What Do You Do When You Receive a Warning Letter?
The Federal Motor Carrier Safety Administration (FMCSA) sends out warning letters as a way to give vehicle operators a chance to improve their safety performance and compliance without further intervention that includes investigations. At https://ai.fmcsa.dot.gov/sms/, the FMCSA will continue to monitor your safety performance and compliance through its Safety Measurement System (SMS). They encourage receivers to read their letters carefully because they identify your company’s specific safety performance and compliance problems. This also explains how to access your safety record and outlines what will happen if your company’s safety performance and compliance don’t improve.
After you receive the letter, you need to know that you do not need to respond directly. If you are a motor carrier, you should always be checking your SMS data regularly as you want to avoid the additional interventions they may throw at you if things do not improve.

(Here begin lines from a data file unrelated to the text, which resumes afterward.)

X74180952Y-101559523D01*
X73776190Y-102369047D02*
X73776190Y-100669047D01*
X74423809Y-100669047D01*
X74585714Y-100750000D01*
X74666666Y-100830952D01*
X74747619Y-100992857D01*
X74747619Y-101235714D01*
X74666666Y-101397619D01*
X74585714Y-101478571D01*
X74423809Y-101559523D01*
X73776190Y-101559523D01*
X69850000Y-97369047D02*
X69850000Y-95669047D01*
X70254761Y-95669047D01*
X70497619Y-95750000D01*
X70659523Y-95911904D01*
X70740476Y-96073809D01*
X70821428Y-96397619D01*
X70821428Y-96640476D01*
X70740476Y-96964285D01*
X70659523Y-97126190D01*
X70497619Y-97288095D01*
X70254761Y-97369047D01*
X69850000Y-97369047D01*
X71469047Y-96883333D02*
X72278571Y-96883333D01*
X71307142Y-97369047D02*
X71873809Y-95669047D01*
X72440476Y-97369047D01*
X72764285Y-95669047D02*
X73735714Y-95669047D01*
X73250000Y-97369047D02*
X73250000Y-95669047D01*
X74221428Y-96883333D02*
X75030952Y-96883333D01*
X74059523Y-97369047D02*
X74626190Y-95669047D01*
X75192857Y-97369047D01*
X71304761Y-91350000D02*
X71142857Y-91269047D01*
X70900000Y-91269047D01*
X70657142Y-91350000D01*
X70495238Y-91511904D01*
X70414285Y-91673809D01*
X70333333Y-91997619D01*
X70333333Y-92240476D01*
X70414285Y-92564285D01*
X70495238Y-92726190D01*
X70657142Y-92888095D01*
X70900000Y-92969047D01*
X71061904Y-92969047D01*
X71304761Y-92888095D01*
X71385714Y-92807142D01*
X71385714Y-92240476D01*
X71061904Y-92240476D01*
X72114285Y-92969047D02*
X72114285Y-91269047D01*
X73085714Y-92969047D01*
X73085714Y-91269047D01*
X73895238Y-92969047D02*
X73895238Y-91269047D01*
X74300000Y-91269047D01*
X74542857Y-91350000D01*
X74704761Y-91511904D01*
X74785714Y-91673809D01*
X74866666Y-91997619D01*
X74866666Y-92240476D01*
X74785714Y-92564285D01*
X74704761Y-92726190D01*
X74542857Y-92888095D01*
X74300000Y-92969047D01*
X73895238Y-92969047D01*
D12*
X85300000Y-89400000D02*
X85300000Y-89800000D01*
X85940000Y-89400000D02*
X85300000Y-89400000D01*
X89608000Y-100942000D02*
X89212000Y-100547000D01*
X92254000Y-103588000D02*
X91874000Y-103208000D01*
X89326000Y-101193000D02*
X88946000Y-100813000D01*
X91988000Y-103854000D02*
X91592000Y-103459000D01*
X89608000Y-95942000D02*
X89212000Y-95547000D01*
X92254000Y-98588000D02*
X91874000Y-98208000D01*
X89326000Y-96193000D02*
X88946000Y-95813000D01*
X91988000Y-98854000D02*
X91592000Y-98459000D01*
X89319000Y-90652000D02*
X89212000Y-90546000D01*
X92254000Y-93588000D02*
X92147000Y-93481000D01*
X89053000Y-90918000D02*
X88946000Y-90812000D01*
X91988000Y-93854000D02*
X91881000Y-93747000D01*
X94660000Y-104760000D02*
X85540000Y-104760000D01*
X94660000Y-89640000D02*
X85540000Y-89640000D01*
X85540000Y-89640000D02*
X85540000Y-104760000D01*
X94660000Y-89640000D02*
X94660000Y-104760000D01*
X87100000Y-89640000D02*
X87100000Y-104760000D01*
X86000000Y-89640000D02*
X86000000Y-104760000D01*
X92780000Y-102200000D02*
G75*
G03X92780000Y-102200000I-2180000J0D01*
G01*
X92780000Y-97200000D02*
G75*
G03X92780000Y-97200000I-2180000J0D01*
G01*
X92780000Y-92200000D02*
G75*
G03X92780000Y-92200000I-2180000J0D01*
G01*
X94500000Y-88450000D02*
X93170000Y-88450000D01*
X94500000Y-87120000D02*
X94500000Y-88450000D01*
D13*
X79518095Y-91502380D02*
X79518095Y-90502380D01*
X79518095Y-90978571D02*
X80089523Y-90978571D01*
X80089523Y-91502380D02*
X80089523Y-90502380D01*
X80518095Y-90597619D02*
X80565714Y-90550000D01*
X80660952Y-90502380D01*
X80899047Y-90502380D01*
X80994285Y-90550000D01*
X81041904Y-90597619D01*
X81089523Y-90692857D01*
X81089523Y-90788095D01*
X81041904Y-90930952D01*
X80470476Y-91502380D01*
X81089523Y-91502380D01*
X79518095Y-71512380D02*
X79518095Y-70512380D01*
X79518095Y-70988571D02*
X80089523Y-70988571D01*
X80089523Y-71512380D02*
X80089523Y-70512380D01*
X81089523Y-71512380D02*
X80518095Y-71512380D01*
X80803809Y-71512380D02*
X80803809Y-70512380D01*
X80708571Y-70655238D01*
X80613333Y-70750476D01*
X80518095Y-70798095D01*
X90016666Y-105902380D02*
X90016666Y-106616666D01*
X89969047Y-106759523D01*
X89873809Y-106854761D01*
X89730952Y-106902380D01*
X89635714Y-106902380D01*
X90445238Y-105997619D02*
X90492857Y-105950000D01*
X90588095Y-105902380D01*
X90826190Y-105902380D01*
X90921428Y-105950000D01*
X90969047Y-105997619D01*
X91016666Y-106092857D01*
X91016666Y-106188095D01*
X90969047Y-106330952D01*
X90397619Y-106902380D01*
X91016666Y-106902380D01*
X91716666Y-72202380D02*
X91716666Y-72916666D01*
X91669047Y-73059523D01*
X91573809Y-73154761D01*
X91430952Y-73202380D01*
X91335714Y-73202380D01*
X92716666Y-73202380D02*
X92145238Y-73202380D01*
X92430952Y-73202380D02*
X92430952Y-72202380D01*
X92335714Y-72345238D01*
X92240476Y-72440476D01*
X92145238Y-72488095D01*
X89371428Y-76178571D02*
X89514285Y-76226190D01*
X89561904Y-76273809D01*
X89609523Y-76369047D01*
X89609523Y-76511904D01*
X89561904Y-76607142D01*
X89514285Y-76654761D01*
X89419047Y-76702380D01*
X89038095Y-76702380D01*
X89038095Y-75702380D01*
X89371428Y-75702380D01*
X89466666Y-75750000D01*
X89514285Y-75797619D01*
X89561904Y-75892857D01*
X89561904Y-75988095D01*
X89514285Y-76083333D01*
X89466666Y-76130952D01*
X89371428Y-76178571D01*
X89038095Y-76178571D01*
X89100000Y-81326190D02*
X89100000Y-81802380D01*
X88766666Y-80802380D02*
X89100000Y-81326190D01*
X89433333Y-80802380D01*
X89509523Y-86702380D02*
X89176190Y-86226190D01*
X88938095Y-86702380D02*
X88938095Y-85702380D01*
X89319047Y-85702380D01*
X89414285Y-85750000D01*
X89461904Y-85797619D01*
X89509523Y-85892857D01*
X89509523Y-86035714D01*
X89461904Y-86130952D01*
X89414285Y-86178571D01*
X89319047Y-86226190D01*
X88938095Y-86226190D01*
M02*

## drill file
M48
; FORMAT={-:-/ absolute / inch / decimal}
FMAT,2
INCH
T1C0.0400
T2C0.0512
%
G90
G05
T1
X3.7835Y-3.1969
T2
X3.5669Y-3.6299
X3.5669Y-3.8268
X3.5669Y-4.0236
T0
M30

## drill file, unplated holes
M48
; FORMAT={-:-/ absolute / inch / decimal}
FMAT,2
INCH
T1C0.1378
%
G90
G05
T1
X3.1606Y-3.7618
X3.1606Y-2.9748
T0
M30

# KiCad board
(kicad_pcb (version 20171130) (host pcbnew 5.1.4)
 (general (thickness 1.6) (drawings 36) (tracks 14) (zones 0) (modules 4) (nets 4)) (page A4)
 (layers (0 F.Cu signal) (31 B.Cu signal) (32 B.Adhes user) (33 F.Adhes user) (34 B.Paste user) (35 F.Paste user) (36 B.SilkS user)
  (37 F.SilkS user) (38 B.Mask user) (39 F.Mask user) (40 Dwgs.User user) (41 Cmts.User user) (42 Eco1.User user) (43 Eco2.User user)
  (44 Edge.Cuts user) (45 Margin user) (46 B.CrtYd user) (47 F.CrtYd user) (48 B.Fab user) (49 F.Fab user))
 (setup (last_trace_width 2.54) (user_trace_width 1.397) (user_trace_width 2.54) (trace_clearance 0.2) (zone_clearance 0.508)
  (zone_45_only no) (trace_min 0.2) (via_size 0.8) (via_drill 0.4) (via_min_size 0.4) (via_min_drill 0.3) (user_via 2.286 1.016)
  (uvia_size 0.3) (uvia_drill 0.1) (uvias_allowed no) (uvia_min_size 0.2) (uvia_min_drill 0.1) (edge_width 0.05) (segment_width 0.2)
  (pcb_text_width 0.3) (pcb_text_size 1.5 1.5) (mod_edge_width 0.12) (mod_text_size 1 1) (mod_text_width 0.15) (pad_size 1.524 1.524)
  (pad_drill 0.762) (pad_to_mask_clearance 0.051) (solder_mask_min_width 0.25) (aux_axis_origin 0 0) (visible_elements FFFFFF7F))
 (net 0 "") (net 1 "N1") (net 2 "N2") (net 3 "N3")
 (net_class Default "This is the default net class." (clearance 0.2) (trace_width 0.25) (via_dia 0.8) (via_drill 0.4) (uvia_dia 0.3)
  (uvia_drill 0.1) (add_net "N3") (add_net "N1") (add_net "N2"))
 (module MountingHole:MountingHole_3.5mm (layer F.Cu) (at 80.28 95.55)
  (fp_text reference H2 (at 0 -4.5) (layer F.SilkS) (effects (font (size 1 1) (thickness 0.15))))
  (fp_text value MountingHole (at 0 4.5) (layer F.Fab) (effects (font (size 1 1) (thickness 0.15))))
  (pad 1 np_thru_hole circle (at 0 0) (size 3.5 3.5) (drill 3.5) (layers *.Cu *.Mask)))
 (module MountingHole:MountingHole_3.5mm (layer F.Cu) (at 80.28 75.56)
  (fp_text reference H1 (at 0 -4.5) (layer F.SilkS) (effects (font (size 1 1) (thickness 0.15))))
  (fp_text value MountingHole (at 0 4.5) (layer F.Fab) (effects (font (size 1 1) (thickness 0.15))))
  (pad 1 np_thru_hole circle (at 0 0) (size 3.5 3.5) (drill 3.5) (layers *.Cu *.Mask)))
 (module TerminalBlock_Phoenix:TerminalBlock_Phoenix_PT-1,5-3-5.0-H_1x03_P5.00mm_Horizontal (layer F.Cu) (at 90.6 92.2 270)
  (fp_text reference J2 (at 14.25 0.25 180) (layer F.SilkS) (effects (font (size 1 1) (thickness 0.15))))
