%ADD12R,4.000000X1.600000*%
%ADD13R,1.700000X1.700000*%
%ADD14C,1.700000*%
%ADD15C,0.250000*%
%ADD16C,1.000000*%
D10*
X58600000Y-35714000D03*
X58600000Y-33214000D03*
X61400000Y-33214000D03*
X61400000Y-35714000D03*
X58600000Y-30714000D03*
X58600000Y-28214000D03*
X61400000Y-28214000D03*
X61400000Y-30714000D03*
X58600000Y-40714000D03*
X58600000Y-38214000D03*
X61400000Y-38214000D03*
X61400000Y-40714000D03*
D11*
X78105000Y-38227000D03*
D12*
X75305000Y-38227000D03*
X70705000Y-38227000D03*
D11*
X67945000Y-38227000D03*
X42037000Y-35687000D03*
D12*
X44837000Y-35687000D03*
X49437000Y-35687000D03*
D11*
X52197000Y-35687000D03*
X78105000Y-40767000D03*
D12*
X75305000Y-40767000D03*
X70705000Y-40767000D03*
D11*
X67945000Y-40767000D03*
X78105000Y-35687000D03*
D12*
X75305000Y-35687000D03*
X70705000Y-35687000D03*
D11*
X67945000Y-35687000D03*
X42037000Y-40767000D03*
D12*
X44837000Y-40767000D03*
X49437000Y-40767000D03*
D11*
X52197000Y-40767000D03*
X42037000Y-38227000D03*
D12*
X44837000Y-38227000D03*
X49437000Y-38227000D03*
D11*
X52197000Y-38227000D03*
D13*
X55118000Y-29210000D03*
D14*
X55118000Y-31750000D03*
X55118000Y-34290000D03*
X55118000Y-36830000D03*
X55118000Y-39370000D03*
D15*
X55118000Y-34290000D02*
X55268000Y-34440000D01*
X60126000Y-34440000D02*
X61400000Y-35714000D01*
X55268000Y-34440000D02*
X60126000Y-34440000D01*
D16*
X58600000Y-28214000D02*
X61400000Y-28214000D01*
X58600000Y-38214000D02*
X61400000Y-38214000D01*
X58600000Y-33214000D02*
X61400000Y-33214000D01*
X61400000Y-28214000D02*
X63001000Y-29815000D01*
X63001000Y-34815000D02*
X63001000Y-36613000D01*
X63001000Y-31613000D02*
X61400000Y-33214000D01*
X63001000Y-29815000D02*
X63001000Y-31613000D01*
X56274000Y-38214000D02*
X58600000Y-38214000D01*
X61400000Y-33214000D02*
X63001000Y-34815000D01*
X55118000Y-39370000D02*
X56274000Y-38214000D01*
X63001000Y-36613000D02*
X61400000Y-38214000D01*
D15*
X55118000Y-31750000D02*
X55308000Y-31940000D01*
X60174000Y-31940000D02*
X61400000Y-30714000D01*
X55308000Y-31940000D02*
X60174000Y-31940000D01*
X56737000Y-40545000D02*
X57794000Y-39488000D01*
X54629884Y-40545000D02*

These interventions may result in fines and suspension or revocation of your company’s operating authority. The FMCSA organizes the SMS data into seven Behavior Analysis and Safety Improvement Categories (BASICs), which are used to prioritize motor carriers for warning letters and other interventions. These BASICs include:
- Unsafe Driving: Speeding, reckless driving, improper lane change, inattention, and no seatbelts
- Crash Indicator: Histories of crash involvement that aren’t public
- Hours of Service Compliance: Noncompliance with HOS regulations, including logbooks
- Vehicle Maintenance: Brakes, lights, defects, failure to make required repairs
- Controlled Substances and Alcohol: Use and possession of controlled substances and alcohol
- Hazardous Materials Compliance: Leaking containers, improper packaging, and/or placarding not in public
- Driver Fitness: Invalid license, medically unfit to operate a CMV
Batches of Warning Letters
In 2010, the FMCSA started distributing their initial batch of 23,000 warning letters. This was done initially as the FMCSA agency’s interventions in its new program. Boyd Stephenson, who was a manager of safety and security for American Trucking Associations, confirmed that over a matter of months, at least 50,000 warning letters would be distributed. Based on FMCSA statistics that counted 650,000 carriers, nearly 8% of carriers were set to be given warning letters.
Analyzing Data and Taking Action to Improve Safety
When somebody receives a warning letter, the first step they should take to reduce violations and improve their fleet’s standards is to determine the source of the violations. They must then tailor their response accordingly. After driver violation data is analyzed, it’s then time to take initiative and address the violations that have occurred and reduce the number of violations that occur. Interventions may be implemented and the intensity of these interventions are up to the driver and fleet managers. It all depends specifically upon the severity and number of a driver’s violations in general.
Warning letters should be taken very seriously, as the FMCSA and its state partners work vigorously to commit to safety, because lives depend on it. You can learn how to improve safety through the Safety Measurement Cycle, a diagnostic process that Safety Investigators will use to correct practices that can lead to noncompliance in each BASIC. By learning more about how to stay safe, you are helping yourself and others that you share the roads with.